Barbarian and Noble - Marion Lansing |
Think of a school where all the pupils were of royal blood, and where an emperor, three princes, heirs to the thrones of Europe, two archbishops, a queen, three young princesses, and two or three courtiers of various ranks all sat down and studied lessons together. That was Charlemagne's School of the Palace, a school of more than a thousand years ago, which traveled about with him wherever he went.
The barbarian invasions had destroyed the schools of Rome, and since then there had been hardly any schools in all Europe, save those for the few boys who lived in the monasteries. The four centuries had been so full of warfare and bloodshed and conquest that scholarship and the arts of peace had almost disappeared from Europe. People have called those times the "Dark Ages," because the light of learning seemed to have been blotted out. But Charlemagne was determined that his subjects should not remain barbarians. So he set up the first free public schools in Europe and made a decree, which was published in the farthest corners of his realm, that every boy, whether rich or poor, son of a serf or of a freeman, should be allowed to go to them. But the most interesting of all and the most famous was his own School of the Palace.
If we had come to the court during a session, I doubt if we would have known that it was a school at all. In the first place we should look for books, but there would be hardly any books, for this was long before the invention of printing, and the few books which were written had to be laboriously copied letter by letter and sentence by sentence by practiced scribes. So books were very rare and very precious: There would be no writing paper like ours, but scrolls of heavy parchment, on which the learned scholars might write with quill pens, and wax tablets and steel points with which beginners might practice the forming of letters.
Charlemagne could never learn to write. He began too late in life, and, though he used to keep blanks and tablets under his pillow in bed that he might practice when he was wakeful, his hand was too familiar with the mighty sword Joyeuse to use skillfully so tiny a weapon as a pen. But in all else that was taught in the school he was the best student of all, and his sons and his daughters had hard work to keep up with him.
With so few books to study, everything depended on the teacher, who had to give out what should be learned, and Charlemagne sent across the channel to Britain and persuaded the great English scholar, Alcuin, to come over and be master of the Palace School. Alcuin had to get permission of the English king, for he was a very famous scholar, and learning was greatly prized in England; but he came and taught Charlemagne and his court for fourteen years, and this is the way he taught them. He would make up a series of questions and answers, and the pupils would ask the questions and he give the, answers until they knew them thoroughly. Sometimes the scholars would think up their own questions; and Alcuin tells us that he used to rise before daybreak and study out answers to some of the emperor's perplexing questions, for there was no subject in heaven or earth about which Charlemagne did not have a passionate curiosity.

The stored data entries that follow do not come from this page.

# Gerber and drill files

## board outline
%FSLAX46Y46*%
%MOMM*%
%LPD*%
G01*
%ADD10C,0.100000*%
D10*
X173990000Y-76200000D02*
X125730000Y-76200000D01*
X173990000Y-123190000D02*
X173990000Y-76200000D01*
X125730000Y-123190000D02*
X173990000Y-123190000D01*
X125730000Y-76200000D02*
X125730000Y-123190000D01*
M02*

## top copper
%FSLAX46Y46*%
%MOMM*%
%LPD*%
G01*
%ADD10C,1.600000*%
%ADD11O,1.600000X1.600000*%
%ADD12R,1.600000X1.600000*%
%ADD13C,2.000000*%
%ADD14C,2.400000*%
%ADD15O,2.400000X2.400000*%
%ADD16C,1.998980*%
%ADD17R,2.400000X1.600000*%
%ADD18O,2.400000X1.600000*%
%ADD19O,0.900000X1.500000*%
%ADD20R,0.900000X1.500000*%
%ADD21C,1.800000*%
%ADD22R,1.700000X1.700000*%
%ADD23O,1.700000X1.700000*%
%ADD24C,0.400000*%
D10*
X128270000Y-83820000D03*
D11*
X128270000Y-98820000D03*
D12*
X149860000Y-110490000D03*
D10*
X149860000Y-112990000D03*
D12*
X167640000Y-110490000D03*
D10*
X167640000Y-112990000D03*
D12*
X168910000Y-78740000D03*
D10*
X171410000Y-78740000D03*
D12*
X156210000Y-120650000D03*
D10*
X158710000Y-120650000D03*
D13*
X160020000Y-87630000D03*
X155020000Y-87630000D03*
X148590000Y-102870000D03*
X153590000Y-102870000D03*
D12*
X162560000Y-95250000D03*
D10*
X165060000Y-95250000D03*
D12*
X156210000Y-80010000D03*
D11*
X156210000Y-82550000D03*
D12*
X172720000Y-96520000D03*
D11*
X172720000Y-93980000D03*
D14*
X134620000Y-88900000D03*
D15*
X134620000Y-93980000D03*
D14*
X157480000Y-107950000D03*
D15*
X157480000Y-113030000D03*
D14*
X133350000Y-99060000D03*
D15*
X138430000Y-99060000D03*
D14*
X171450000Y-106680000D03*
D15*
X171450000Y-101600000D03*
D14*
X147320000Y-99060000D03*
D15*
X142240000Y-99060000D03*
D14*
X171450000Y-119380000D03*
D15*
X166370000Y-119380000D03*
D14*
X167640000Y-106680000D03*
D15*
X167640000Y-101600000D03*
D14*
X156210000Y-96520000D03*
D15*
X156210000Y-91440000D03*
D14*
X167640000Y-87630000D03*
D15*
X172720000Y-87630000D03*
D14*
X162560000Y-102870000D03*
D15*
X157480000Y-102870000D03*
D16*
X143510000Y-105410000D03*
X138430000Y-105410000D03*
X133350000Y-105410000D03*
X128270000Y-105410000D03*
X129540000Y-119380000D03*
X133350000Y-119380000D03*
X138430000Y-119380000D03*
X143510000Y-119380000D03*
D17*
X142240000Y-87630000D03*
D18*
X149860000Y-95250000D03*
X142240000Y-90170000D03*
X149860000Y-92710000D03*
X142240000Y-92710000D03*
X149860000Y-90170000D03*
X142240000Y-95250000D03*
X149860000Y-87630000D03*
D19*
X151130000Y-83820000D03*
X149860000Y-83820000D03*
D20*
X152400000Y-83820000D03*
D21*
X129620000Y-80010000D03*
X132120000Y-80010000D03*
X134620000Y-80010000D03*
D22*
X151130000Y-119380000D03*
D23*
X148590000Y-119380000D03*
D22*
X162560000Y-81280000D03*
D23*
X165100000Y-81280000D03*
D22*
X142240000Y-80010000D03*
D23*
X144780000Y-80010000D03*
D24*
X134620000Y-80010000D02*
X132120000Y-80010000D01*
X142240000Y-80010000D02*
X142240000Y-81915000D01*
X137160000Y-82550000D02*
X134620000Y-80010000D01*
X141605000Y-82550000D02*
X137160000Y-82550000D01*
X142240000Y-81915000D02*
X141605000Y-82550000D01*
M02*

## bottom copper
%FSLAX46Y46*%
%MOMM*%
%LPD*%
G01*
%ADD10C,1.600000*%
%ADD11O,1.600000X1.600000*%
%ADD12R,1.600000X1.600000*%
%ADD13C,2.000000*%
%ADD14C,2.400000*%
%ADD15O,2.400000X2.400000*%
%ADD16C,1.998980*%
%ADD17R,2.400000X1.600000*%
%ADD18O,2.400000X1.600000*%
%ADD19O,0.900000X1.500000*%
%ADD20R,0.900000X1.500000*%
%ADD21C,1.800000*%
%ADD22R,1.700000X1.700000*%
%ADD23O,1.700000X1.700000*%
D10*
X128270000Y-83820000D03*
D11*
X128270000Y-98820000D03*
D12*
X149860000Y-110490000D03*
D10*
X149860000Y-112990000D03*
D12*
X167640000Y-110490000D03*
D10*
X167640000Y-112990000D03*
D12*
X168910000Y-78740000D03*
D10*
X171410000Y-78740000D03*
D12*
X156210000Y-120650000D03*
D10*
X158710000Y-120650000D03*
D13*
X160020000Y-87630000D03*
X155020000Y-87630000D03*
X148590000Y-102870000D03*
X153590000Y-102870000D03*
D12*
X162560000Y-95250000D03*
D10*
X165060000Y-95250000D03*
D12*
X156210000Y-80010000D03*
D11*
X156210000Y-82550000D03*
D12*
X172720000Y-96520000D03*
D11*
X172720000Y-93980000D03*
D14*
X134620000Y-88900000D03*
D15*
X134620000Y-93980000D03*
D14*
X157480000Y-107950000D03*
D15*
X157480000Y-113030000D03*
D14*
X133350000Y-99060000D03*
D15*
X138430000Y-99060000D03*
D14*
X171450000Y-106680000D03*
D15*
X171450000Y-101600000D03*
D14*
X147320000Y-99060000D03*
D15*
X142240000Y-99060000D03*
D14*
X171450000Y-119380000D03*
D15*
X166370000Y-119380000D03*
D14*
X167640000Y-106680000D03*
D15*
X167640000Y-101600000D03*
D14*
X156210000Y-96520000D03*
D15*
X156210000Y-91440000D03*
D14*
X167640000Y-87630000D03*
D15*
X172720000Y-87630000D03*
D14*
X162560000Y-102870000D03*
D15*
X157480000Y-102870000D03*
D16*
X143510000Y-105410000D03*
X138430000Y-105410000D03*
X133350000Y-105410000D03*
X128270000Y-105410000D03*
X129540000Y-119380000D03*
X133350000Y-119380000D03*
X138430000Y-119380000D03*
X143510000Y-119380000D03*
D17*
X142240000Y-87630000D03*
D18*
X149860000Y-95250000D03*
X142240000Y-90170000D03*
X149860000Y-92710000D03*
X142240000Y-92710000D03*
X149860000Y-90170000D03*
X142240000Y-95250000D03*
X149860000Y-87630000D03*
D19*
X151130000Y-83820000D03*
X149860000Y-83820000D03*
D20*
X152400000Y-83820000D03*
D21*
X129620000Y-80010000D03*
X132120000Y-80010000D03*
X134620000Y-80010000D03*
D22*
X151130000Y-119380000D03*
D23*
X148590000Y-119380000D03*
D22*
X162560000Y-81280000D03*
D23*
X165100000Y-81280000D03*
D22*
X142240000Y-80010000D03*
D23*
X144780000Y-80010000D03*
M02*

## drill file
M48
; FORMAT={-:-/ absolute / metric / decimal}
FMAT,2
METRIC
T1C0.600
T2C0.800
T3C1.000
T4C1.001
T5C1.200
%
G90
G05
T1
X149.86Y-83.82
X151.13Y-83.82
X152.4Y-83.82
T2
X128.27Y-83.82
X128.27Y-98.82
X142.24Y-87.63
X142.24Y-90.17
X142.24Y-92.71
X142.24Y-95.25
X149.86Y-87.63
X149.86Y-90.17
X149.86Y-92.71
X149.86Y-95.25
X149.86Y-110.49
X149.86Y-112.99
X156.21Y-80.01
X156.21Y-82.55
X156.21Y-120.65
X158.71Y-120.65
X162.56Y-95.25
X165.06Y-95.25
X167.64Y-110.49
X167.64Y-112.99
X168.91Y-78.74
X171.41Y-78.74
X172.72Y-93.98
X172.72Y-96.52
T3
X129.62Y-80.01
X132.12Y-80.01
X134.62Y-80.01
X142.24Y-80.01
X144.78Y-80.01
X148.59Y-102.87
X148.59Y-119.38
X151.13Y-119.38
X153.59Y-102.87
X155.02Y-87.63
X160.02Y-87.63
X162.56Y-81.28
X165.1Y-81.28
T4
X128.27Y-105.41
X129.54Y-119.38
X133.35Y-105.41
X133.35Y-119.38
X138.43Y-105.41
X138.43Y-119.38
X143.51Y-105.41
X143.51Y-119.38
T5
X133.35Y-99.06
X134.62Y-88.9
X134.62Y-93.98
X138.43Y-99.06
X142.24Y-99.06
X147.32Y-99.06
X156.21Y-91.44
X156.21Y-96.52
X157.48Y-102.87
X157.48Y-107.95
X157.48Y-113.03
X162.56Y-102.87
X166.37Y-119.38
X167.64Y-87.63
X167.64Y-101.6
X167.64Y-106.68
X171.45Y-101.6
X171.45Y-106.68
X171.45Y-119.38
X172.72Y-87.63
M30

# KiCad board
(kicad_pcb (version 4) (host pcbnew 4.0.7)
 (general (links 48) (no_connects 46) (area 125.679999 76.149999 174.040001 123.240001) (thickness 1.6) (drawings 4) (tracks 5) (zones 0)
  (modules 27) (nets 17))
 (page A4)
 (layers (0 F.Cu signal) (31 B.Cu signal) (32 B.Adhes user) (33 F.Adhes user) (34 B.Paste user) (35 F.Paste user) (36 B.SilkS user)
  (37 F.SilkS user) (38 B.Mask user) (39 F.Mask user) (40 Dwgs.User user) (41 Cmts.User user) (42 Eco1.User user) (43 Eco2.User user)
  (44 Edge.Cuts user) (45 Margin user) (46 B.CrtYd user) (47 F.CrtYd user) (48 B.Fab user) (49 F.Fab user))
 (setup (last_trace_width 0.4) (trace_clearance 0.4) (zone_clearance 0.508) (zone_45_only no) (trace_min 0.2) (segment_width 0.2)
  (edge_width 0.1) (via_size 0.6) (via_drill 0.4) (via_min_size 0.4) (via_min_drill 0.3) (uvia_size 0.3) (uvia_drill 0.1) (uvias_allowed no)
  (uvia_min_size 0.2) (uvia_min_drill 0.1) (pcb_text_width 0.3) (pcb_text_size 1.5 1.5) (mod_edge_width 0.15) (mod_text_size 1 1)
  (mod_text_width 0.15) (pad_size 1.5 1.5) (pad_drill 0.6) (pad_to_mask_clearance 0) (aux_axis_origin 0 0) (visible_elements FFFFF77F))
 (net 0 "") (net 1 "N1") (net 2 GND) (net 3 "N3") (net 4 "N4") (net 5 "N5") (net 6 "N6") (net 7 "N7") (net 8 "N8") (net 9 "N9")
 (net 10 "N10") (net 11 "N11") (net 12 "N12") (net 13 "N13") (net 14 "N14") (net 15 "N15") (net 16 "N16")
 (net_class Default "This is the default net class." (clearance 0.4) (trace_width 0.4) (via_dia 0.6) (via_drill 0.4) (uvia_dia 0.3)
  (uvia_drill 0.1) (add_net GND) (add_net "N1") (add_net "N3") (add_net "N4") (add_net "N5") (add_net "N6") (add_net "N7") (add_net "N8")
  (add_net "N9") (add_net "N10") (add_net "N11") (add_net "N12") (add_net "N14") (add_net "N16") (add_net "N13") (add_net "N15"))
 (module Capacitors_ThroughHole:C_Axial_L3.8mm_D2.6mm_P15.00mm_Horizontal (layer F.Cu) (at 128.27 83.82 270)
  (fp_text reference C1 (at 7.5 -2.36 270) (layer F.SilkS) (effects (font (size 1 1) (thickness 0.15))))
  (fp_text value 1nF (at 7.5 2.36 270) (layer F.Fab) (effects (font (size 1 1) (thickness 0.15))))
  (pad 1 thru_hole circle (at 0 0 270) (size 1.6 1.6) (drill 0.8) (layers *.Cu *.Mask) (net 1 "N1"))
  (pad 2 thru_hole oval (at 15 0 270) (size 1.6 1.6) (drill 0.8) (layers *.Cu *.Mask) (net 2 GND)))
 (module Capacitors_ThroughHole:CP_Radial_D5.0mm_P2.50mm (layer F.Cu) (at 149.86 110.49 270)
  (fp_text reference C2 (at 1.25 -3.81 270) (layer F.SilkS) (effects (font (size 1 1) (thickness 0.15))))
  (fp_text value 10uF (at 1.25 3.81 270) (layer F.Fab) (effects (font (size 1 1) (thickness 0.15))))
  (pad 1 thru_hole rect (at 0 0 270) (size 1.6 1.6) (drill 0.8) (layers *.Cu *.Mask) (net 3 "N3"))
  (pad 2 thru_hole circle (at 2.5 0 270) (size 1.6 1.6) (drill 0.8) (layers *.Cu *.Mask) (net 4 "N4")))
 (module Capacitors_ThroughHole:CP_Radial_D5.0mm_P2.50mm (layer F.Cu) (at 167.64 110.49 270)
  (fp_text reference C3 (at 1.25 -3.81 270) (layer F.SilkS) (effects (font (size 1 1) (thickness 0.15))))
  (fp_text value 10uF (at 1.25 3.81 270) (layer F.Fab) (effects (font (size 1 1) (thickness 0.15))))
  (pad 1 thru_hole rect (at 0 0 270) (size 1.6 1.6) (drill 0.8) (layers *.Cu *.Mask) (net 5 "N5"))
  (pad 2 thru_hole circle (at 2.5 0 270) (size 1.6 1.6) (drill 0.8) (layers *.Cu *.Mask) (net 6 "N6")))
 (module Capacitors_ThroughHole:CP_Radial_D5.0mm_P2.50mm (layer F.Cu) (at 168.91 78.74)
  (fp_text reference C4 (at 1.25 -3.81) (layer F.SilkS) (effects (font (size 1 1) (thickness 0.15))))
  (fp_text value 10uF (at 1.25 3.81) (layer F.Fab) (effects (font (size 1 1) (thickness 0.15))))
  (pad 1 thru_hole rect (at 0 0) (size 1.6 1.6) (drill 0.8) (layers *.Cu *.Mask) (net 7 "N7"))
  (pad 2 thru_hole circle (at 2.5 0) (size 1.6 1.6) (drill 0.8) (layers *.Cu *.Mask) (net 2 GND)))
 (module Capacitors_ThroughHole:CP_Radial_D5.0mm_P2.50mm (layer F.Cu) (at 156.21 120.65)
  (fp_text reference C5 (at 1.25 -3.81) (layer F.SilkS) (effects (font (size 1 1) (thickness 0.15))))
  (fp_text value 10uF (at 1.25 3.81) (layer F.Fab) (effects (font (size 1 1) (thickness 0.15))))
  (pad 1 thru_hole rect (at 0 0) (size 1.6 1.6) (drill 0.8) (layers *.Cu *.Mask) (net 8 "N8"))
  (pad 2 thru_hole circle (at 2.5 0) (size 1.6 1.6) (drill 0.8) (layers *.Cu *.Mask) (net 2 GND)))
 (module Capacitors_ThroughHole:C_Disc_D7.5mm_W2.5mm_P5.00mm (layer F.Cu) (at 160.02 87.63 180)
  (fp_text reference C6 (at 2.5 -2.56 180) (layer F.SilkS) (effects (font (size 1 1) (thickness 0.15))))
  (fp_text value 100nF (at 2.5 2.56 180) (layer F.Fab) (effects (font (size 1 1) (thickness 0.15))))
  (pad 1 thru_hole circle (at 0 0 180) (size 2 2) (drill 1) (layers *.Cu *.Mask) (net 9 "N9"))
  (pad 2 thru_hole circle (at 5 0 180) (size 2 2) (drill 1) (layers *.Cu *.Mask) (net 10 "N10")))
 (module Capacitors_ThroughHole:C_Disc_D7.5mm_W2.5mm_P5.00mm (layer F.Cu) (at 148.59 102.87)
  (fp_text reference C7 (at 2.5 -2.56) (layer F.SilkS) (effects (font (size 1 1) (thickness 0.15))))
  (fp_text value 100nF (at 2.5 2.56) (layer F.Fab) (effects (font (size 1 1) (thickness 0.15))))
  (pad 1 thru_hole circle (at 0 0) (size 2 2) (drill 1) (layers *.Cu *.Mask) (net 2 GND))
  (pad 2 thru_hole circle (at 5 0) (size 2 2) (drill 1) (layers *.Cu *.Mask) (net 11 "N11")))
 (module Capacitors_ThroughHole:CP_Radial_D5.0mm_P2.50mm (layer F.Cu) (at 162.56 95.25)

The names of some of the studies which were taught are like ours,—grammar, arithmetic, physiology, and astronomy,—but to us the lessons seem very queer. Here are some of the questions in the dialogue exercise which Alcuin gave to his sixteen-year-old pupil, Pepin, Charlemagne's son. It began with physiology. Pepin was to ask, "What is the mouth?" and Alcuin would answer, "The nourisher of the body, because all food comes in through it." "What is the stomach?" would be the next question, and the answer would be, "The cook of the food." "What is the head?" "The preserver of memory." "And the eyes?" the boy was to ask, "what are they?" "The eyes, my son, are the guides of the body, the organs of light, the index of the soul." The hands, Alcuin taught, were the workmen of the body, the bones were the strength of the body, and the limbs were the columns of the body. Twenty-six questions and answers like this would be all that Prince Pepin would ever be required to know about physiology, and then Alcuin would turn to another subject, perhaps to arithmetic, where he would teach, among other things, that man was placed between six walls, the names of which were "above, below, before, behind, right and left."
Some of the answers in this exercise were very pretty and poetical. Spring was called "the painter of the earth" because it brought so many fresh colors to the barren fields and trees and hill slopes, and autumn was "the barn of the year" because the earth brought forth at that time her rich harvests, which must be stored up to preserve life through the long, unfruitful winter. When Pepin inquired of his master what snow was, he was told "dry water," and frost was described to him as "a persecutor of plants and a destroyer of leaves." The sun distributed the hours of the day, the moon was thought to dispense the dew and give warning of storms, while the stars were "the pictures of the roof of the heavens, the guides of sailors, the ornament of night."
To us they seem strange lessons taught at a very queer school, where old men and children sat down together and puzzled over the wonderful world in which they lived, trying to understand and explain it. But remember that this and other schools like it were the beginning out of which all our schools have grown, and that if Charlemagne had cared only for war and conquest and destruction, as did Attila the Hun, the world would have remained barbarian for a great many years longer than it did.